The bottom of a peanut butter jar evokes a spiritual moment for me. The scrape of the knife against the sides takes me back to summer days in Xenia, Ohio. I was seven years old and staying next door with my grandparents while my mother finished the needed hours for her teaching degree at the University of Dayton. My grandpa provided most of the “babysitting” while my grandmother wrote music or poetry or letters to friends. I trailed him like a puppy dog exploring the world for the first time. Looking back with adult perspective, I marvel at his level of patience.
My grandfather had ministered to the hurting during the Great War, navigated a family of four children through the Great Depression, and husbanded a brilliant wife who suffered emotionally in an era when being an ambitious woman was not viewed sympathetically. My grandmother had recovered from a heart attack when I was four, but ever after – it seemed to me – felt short of breath or short of patience, or both. Grandpa entertained me with endless games of checkers that he never let me win, yet I loved to play. He set me down with a huge horseshoe magnet and a tin filled with metal washers, bolts, and screws to spill and regather by power of my magnetic magic wand. And then he fed me when I was hungry. He made me think sardines on crackers were ambrosia. (Couldn’t eat them now to save my life!) But my favorite lunch was peanut butter and grape jelly sandwiches, folded over, not cut. And we always saved the middle for the last bite.
The mystical moment occurred when the peanut butter jar was empty. Or, at least, I thought it was ready to throw away. “Oh, no, Anna!” Grandpa would say. “We can both still have sandwiches out of that jar.” And he would scrape and scrape the knife against the thinly coated sides, then wipe the blade smoothly across the slice of Wonder Bread. It took short, determined strokes to lift the remaining peanut butter from the bottom, but many trips in and out of the jar and soon a real sandwich took shape. Sometimes he would speculate, “I think we may get one more yet! See what you can do.” And I would try my luck at finding some where there seemed none. The results were delicious and joyful. Just like the joy we shared at opening the next new jar and making the first plunge in the amply filled glass container. Whether we were challenged by scarcity or abundance, it didn’t matter. We were sharing the moment whatever it brought.

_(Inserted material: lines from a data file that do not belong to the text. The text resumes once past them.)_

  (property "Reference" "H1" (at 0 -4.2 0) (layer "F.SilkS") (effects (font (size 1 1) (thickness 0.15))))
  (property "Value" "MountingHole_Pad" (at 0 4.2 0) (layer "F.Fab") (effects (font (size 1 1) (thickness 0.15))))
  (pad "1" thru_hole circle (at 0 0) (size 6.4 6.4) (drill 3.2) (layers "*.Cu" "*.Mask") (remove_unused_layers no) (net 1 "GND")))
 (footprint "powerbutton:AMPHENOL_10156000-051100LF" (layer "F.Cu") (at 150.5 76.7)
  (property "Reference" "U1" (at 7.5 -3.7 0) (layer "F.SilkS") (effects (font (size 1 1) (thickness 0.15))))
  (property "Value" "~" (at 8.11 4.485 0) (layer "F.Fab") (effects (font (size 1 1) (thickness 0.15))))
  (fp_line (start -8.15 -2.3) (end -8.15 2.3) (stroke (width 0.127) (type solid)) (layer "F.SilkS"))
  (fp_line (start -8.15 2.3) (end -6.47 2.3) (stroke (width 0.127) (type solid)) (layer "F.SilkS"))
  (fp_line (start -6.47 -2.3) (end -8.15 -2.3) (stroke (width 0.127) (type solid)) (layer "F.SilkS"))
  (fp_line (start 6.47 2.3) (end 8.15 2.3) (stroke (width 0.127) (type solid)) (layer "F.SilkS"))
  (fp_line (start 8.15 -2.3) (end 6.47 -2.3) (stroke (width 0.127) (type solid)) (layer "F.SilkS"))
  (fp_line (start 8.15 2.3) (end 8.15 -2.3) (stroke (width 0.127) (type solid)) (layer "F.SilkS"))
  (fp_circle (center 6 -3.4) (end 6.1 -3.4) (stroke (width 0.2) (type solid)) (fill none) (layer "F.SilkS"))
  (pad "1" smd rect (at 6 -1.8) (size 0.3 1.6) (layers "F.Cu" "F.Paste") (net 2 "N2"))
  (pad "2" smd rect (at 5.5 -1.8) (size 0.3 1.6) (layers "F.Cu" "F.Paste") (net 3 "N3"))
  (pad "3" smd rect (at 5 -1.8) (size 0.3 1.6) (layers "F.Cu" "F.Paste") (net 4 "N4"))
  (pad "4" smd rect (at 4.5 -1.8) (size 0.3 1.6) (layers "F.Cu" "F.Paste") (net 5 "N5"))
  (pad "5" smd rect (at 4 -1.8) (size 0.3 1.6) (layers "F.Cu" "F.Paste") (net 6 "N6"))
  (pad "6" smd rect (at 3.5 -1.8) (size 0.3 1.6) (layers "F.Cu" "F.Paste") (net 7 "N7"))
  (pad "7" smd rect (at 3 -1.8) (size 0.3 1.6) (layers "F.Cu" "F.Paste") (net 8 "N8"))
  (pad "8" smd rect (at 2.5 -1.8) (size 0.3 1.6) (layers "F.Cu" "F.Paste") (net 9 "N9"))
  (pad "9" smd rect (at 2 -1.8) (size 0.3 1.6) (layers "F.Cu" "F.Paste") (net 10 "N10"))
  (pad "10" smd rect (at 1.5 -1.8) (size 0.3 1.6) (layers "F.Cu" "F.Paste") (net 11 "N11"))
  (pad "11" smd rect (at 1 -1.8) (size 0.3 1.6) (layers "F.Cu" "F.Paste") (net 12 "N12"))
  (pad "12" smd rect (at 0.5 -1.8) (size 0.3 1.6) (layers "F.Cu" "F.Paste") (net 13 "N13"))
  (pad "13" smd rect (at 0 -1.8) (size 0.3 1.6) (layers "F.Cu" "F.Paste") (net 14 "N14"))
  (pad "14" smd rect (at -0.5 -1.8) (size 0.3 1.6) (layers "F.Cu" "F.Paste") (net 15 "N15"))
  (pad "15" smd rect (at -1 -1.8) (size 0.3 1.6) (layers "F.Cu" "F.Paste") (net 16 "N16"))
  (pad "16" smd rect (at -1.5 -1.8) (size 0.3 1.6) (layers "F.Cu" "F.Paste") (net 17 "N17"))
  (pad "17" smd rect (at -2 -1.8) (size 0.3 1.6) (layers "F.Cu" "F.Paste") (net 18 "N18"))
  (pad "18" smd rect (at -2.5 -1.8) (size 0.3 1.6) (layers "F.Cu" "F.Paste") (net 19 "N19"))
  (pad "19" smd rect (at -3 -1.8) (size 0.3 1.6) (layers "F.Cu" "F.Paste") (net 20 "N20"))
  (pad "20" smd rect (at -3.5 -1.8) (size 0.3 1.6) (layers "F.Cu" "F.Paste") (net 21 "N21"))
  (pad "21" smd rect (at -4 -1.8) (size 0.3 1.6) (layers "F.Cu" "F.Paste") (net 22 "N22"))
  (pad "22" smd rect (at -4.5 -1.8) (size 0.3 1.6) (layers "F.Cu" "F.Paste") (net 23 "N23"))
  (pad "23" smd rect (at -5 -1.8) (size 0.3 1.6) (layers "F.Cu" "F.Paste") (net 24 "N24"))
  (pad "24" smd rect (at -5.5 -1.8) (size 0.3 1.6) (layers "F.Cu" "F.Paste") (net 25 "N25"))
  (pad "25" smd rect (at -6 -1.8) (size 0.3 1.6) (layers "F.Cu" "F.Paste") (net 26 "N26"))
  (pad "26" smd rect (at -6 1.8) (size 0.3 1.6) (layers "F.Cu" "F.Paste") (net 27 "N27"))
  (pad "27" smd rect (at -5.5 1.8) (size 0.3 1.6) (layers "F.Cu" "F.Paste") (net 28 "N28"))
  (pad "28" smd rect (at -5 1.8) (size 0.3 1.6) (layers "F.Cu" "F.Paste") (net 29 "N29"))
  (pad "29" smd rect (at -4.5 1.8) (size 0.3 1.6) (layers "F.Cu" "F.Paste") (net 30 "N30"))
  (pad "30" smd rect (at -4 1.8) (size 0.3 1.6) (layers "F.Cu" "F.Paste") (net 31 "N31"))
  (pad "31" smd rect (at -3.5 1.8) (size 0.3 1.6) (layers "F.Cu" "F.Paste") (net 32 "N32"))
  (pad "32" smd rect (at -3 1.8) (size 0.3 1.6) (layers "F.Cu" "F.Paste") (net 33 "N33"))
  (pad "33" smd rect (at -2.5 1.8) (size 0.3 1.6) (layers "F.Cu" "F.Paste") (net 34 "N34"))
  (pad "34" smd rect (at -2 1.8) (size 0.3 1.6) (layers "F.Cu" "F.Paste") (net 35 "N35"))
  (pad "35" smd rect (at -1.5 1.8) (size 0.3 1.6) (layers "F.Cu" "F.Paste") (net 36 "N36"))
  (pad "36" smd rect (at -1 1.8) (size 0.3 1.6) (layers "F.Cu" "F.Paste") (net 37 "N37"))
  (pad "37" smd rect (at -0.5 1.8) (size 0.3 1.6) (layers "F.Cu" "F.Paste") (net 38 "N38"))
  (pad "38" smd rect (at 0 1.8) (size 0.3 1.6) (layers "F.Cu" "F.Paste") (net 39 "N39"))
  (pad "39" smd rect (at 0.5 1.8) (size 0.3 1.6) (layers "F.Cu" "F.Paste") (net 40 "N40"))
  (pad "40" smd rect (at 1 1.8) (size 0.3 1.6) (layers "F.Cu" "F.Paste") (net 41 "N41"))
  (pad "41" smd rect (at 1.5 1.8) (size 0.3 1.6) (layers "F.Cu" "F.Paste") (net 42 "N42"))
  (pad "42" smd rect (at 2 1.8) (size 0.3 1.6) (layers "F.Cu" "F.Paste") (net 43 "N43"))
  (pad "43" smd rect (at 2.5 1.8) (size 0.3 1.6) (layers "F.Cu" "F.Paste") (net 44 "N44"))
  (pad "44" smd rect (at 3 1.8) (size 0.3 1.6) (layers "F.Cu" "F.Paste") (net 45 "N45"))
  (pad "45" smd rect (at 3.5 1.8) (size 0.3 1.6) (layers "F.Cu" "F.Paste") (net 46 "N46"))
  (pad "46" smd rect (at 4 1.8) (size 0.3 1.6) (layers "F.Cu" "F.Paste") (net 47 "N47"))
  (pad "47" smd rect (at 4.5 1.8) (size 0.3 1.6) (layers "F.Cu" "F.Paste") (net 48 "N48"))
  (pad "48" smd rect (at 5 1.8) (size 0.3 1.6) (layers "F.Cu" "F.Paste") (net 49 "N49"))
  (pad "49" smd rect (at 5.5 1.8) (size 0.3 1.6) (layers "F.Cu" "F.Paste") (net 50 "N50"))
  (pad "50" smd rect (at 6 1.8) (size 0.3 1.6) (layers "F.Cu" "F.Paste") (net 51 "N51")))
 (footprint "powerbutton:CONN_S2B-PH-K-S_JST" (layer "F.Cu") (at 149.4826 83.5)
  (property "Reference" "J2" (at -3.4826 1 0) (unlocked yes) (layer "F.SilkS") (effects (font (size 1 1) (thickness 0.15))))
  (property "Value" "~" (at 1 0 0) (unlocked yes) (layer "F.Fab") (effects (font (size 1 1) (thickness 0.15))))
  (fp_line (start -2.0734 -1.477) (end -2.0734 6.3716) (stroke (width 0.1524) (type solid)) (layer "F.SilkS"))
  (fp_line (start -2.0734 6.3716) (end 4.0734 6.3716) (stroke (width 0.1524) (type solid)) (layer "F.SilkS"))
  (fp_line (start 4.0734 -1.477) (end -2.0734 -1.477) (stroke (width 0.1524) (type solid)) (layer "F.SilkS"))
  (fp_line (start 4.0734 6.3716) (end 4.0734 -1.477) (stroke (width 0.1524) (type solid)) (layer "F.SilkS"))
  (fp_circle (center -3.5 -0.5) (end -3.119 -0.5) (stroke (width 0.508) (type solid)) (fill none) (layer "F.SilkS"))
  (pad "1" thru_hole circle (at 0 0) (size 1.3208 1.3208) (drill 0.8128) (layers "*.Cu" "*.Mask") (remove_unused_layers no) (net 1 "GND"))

Much is written about Stephen Covey’s concept of “abundance mentality” vs “scarcity mentality.” I’ve blogged myself about one of my favorite words – enough, but I believe abundance is an even better descriptor of the best way to view life. Of course it takes imagination to face difficult circumstances, times when our jars of life seem empty. But the challenge is to see beyond what seems scarce to what yet remains. Sure empty will happen. But empty means we go in search of what comes next. Awareness of the undergirding joy of life is all that really matters.